◆ THE DATA:
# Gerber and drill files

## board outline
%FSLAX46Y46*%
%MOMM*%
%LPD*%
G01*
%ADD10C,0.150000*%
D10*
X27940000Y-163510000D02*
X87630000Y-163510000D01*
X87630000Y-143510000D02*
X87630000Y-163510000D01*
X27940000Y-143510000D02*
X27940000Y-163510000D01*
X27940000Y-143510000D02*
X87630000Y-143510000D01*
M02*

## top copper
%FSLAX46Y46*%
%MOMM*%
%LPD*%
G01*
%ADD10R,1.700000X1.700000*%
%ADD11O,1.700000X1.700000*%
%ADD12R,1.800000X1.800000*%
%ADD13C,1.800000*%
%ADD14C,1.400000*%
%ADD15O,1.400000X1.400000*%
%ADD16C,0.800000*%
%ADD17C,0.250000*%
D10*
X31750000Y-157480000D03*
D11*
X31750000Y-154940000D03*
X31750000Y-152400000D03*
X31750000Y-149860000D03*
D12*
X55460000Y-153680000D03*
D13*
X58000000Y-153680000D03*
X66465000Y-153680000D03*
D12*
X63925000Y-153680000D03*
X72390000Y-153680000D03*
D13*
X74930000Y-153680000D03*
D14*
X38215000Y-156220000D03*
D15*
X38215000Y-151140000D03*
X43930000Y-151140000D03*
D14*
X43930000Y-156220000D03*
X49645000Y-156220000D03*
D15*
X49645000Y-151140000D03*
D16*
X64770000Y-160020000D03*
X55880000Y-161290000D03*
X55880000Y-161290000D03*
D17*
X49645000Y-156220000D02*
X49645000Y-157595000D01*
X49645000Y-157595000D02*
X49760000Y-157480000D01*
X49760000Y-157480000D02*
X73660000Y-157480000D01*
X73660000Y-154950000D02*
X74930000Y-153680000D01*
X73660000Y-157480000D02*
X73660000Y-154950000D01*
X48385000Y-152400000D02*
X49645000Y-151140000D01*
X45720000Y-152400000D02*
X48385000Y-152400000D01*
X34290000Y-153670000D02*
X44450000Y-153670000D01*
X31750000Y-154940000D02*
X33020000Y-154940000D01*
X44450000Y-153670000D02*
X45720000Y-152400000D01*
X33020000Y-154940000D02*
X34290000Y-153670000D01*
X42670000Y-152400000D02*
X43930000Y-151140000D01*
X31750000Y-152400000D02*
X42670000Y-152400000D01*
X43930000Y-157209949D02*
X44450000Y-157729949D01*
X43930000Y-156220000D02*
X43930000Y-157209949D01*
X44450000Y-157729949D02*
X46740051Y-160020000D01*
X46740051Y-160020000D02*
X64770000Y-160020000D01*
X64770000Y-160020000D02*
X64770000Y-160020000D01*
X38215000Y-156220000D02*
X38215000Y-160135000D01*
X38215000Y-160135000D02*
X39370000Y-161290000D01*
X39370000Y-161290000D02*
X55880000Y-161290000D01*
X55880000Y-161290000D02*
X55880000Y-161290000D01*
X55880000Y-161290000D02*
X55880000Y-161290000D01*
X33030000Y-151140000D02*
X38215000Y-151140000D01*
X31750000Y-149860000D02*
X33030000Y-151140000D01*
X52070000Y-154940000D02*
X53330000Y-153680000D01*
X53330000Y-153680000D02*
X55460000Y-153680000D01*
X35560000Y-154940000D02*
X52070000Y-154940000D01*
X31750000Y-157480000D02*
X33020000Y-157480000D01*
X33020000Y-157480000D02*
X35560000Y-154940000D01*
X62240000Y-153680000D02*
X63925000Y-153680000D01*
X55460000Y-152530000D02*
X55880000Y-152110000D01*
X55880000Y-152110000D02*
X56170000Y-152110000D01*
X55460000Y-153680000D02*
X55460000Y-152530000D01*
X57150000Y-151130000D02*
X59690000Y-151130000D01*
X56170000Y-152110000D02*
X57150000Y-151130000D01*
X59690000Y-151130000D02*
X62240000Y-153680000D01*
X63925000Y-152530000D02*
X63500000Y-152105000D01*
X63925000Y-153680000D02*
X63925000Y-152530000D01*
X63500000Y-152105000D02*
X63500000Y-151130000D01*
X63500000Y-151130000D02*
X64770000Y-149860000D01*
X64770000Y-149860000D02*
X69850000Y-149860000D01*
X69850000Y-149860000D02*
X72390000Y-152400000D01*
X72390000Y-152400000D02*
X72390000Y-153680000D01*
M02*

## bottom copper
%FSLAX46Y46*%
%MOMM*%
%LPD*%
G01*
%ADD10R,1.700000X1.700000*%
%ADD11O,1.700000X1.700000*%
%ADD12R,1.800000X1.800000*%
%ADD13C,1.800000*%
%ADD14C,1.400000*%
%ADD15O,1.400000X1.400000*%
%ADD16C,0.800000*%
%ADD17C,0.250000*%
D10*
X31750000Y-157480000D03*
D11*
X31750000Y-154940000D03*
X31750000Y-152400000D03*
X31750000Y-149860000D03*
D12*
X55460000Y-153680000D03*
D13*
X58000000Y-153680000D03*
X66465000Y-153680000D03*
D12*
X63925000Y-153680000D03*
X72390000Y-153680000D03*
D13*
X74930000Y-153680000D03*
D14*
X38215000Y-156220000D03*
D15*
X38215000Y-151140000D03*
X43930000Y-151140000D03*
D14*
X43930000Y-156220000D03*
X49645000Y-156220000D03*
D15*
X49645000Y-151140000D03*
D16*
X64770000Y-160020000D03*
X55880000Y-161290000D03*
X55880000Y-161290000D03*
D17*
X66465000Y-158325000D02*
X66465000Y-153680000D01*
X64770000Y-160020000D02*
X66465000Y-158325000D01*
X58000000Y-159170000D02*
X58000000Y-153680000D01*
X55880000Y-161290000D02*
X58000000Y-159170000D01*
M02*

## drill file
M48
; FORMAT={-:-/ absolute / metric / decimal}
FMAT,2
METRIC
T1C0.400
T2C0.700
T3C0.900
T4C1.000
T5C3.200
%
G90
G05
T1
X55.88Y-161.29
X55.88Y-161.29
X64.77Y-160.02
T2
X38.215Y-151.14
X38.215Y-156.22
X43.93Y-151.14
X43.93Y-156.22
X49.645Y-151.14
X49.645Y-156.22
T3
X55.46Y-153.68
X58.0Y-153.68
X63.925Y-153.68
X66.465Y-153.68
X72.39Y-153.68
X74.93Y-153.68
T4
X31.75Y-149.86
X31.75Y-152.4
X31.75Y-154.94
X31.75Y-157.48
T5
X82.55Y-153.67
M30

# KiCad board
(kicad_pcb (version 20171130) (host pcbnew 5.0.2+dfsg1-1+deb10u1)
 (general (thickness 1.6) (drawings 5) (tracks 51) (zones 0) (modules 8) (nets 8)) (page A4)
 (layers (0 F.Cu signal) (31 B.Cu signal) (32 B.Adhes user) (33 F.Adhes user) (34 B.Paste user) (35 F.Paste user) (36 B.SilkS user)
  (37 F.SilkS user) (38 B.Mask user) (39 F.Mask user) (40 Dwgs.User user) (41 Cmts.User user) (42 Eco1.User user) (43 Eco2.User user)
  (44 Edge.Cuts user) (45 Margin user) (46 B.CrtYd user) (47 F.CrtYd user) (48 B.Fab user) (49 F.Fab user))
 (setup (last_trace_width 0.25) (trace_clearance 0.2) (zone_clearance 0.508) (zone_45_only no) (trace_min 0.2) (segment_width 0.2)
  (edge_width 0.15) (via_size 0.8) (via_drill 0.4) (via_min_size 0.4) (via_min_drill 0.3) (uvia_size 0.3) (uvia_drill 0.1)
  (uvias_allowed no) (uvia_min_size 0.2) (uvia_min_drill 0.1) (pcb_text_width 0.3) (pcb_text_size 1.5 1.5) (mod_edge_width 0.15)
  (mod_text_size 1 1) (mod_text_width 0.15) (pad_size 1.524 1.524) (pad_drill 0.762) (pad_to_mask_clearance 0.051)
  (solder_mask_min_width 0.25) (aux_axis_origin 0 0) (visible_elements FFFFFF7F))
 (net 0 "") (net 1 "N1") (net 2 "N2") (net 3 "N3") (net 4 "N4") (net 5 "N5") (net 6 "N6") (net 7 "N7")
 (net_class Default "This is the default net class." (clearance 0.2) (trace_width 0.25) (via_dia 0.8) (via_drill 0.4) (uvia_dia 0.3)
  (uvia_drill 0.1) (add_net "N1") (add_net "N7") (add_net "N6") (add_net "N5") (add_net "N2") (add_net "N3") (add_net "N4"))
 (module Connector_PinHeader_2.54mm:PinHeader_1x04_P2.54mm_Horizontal (layer F.Cu) (at 31.75 157.48 180)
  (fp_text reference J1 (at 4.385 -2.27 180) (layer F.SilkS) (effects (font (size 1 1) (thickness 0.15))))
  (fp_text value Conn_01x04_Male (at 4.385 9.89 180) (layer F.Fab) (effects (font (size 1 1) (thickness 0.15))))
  (pad 1 thru_hole rect (at 0 0 180) (size 1.7 1.7) (drill 1) (layers *.Cu *.Mask) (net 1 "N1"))
  (pad 2 thru_hole oval (at 0 2.54 180) (size 1.7 1.7) (drill 1) (layers *.Cu *.Mask) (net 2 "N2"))
  (pad 3 thru_hole oval (at 0 5.08 180) (size 1.7 1.7) (drill 1) (layers *.Cu *.Mask) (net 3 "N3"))
  (pad 4 thru_hole oval (at 0 7.62 180) (size 1.7 1.7) (drill 1) (layers *.Cu *.Mask) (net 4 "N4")))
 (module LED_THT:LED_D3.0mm (layer F.Cu) (at 55.46 153.68)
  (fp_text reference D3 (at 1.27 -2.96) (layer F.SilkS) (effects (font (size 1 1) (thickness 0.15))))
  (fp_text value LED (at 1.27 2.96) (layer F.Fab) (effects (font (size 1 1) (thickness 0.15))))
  (pad 1 thru_hole rect (at 0 0) (size 1.8 1.8) (drill 0.9) (layers *.Cu *.Mask) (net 1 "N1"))
  (pad 2 thru_hole circle (at 2.54 0) (size 1.8 1.8) (drill 0.9) (layers *.Cu *.Mask) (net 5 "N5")))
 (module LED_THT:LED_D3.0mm (layer F.Cu) (at 63.925 153.68)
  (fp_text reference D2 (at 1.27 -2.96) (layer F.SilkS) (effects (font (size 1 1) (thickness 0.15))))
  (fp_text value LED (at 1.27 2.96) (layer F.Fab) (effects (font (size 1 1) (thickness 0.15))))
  (pad 2 thru_hole circle (at 2.54 0) (size 1.8 1.8) (drill 0.9) (layers *.Cu *.Mask) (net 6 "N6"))
  (pad 1 thru_hole rect (at 0 0) (size 1.8 1.8) (drill 0.9) (layers *.Cu *.Mask) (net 1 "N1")))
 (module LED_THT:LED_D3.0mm (layer F.Cu) (at 72.39 153.68)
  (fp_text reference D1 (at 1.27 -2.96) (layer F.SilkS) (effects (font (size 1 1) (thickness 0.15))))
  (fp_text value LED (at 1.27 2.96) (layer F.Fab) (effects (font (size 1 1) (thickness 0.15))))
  (pad 1 thru_hole rect (at 0 0) (size 1.8 1.8) (drill 0.9) (layers *.Cu *.Mask) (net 1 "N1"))
  (pad 2 thru_hole circle (at 2.54 0) (size 1.8 1.8) (drill 0.9) (layers *.Cu *.Mask) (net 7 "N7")))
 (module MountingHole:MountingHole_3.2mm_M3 (layer F.Cu) (at 82.55 153.67)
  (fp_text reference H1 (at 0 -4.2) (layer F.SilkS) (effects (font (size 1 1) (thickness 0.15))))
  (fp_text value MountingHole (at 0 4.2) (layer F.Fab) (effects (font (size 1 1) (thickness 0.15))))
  (pad 1 np_thru_hole circle (at 0 0) (size 3.2 3.2) (drill 3.2) (layers *.Cu *.Mask)))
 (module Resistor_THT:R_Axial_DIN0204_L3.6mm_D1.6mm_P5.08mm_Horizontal (layer F.Cu) (at 38.215 156.22 90)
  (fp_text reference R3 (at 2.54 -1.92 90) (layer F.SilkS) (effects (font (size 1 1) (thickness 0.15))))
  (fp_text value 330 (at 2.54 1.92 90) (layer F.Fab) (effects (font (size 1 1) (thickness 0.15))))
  (pad 1 thru_hole circle (at 0 0 90) (size 1.4 1.4) (drill 0.7) (layers *.Cu *.Mask) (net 5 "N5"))
  (pad 2 thru_hole oval (at 5.08 0 90) (size 1.4 1.4) (drill 0.7) (layers *.Cu *.Mask) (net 4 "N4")))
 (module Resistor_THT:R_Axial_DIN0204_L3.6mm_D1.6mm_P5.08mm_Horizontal (layer F.Cu) (at 43.93 156.22 90)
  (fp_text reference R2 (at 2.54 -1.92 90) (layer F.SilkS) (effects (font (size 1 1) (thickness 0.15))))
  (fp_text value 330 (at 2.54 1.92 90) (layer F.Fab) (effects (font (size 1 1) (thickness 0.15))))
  (pad 2 thru_hole oval (at 5.08 0 90) (size 1.4 1.4) (drill 0.7) (layers *.Cu *.Mask) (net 3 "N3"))
  (pad 1 thru_hole circle (at 0 0 90) (size 1.4 1.4) (drill 0.7) (layers *.Cu *.Mask) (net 6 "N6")))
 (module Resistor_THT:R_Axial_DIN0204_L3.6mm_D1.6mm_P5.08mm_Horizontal (layer F.Cu) (at 49.645 156.22 90)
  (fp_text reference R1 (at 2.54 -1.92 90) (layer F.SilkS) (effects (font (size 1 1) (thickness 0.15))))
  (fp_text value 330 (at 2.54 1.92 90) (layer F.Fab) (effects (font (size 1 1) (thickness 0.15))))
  (pad 1 thru_hole circle (at 0 0 90) (size 1.4 1.4) (drill 0.7) (layers *.Cu *.Mask) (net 7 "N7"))
  (pad 2 thru_hole oval (at 5.08 0 90) (size 1.4 1.4) (drill 0.7) (layers *.Cu *.Mask) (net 2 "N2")))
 (gr_line (start 27.94 163.51) (end 87.63 163.51) (layer Edge.Cuts) (width 0.15))
 (gr_line (start 87.63 143.51) (end 87.63 163.51) (layer Edge.Cuts) (width 0.15))
 (gr_line (start 27.94 143.51) (end 27.94 163.51) (layer Edge.Cuts) (width 0.15))
 (gr_line (start 27.94 143.51) (end 87.63 143.51) (layer Edge.Cuts) (width 0.15))
 (segment (start 49.645 156.22) (end 49.645 157.595) (width 0.25) (layer F.Cu) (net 7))
 (segment (start 49.645 157.595) (end 49.76 157.48) (width 0.25) (layer F.Cu) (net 7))
 (segment (start 49.76 157.48) (end 73.66 157.48) (width 0.25) (layer F.Cu) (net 7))
 (segment (start 73.66 154.95) (end 74.93 153.68) (width 0.25) (layer F.Cu) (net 7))
 (segment (start 73.66 157.48) (end 73.66 154.95) (width 0.25) (layer F.Cu) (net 7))
 (segment (start 48.385 152.4) (end 49.645 151.14) (width 0.25) (layer F.Cu) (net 2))
 (segment (start 45.72 152.4) (end 48.385 152.4) (width 0.25) (layer F.Cu) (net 2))
 (segment (start 34.29 153.67) (end 44.45 153.67) (width 0.25) (layer F.Cu) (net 2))
 (segment (start 31.75 154.94) (end 33.02 154.94) (width 0.25) (layer F.Cu) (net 2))
 (segment (start 44.45 153.67) (end 45.72 152.4) (width 0.25) (layer F.Cu) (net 2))
 (segment (start 33.02 154.94) (end 34.29 153.67) (width 0.25) (layer F.Cu) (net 2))
 (segment (start 42.67 152.4) (end 43.93 151.14) (width 0.25) (layer F.Cu) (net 3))
 (segment (start 31.75 152.4) (end 42.67 152.4) (width 0.25) (layer F.Cu) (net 3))
 (segment (start 43.93 157.209949) (end 44.45 157.729949) (width 0.25) (layer F.Cu) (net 6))
 (segment (start 43.93 156.22) (end 43.93 157.209949) (width 0.25) (layer F.Cu) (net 6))
 (segment (start 44.45 157.729949) (end 46.740051 160.02) (width 0.25) (layer F.Cu) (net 6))
 (segment (start 46.740051 160.02) (end 64.77 160.02) (width 0.25) (layer F.Cu) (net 6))
 (segment (start 64.77 160.02) (end 64.77 160.02) (width 0.25) (layer F.Cu) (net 6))
 (via (at 64.77 160.02) (size 0.8) (drill 0.4) (layers F.Cu B.Cu) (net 6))
 (segment (start 66.465 158.325) (end 66.465 153.68) (width 0.25) (layer B.Cu) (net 6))
 (segment (start 64.77 160.02) (end 66.465 158.325) (width 0.25) (layer B.Cu) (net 6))
 (segment (start 38.215 156.22) (end 38.215 160.135) (width 0.25) (layer F.Cu) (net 5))
 (segment (start 38.215 160.135) (end 39.37 161.29) (width 0.25) (layer F.Cu) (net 5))
 (segment (start 39.37 161.29) (end 55.88 161.29) (width 0.25) (layer F.Cu) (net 5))
 (segment (start 55.88 161.29) (end 55.88 161.29) (width 0.25) (layer F.Cu) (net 5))
 (via (at 55.88 161.29) (size 0.8) (drill 0.4) (layers F.Cu B.Cu) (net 5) (status 1000000))
 (segment (start 55.88 161.29) (end 55.88 161.29) (width 0.25) (layer F.Cu) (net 5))
 (via (at 55.88 161.29) (size 0.8) (drill 0.4) (layers F.Cu B.Cu) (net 5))
 (segment (start 58 159.17) (end 58 153.68) (width 0.25) (layer B.Cu) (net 5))
 (segment (start 55.88 161.29) (end 58 159.17) (width 0.25) (layer B.Cu) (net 5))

◆ WORK TO BE COMPLETED: Please transcribe exactly the lines above from the line that has "X73660000Y-154950000D02*" up to and including the line that has "X38215000Y-160135000D02*"; no other line belongs in the answer.

◆ WRITTEN RESPONSE:
X73660000Y-154950000D02*
X74930000Y-153680000D01*
X73660000Y-157480000D02*
X73660000Y-154950000D01*
X48385000Y-152400000D02*
X49645000Y-151140000D01*
X45720000Y-152400000D02*
X48385000Y-152400000D01*
X34290000Y-153670000D02*
X44450000Y-153670000D01*
X31750000Y-154940000D02*
X33020000Y-154940000D01*
X44450000Y-153670000D02*
X45720000Y-152400000D01*
X33020000Y-154940000D02*
X34290000Y-153670000D01*
X42670000Y-152400000D02*
X43930000Y-151140000D01*
X31750000Y-152400000D02*
X42670000Y-152400000D01*
X43930000Y-157209949D02*
X44450000Y-157729949D01*
X43930000Y-156220000D02*
X43930000Y-157209949D01*
X44450000Y-157729949D02*
X46740051Y-160020000D01*
X46740051Y-160020000D02*
X64770000Y-160020000D01*
X64770000Y-160020000D02*
X64770000Y-160020000D01*
X38215000Y-156220000D02*
X38215000Y-160135000D01*
X38215000Y-160135000D02*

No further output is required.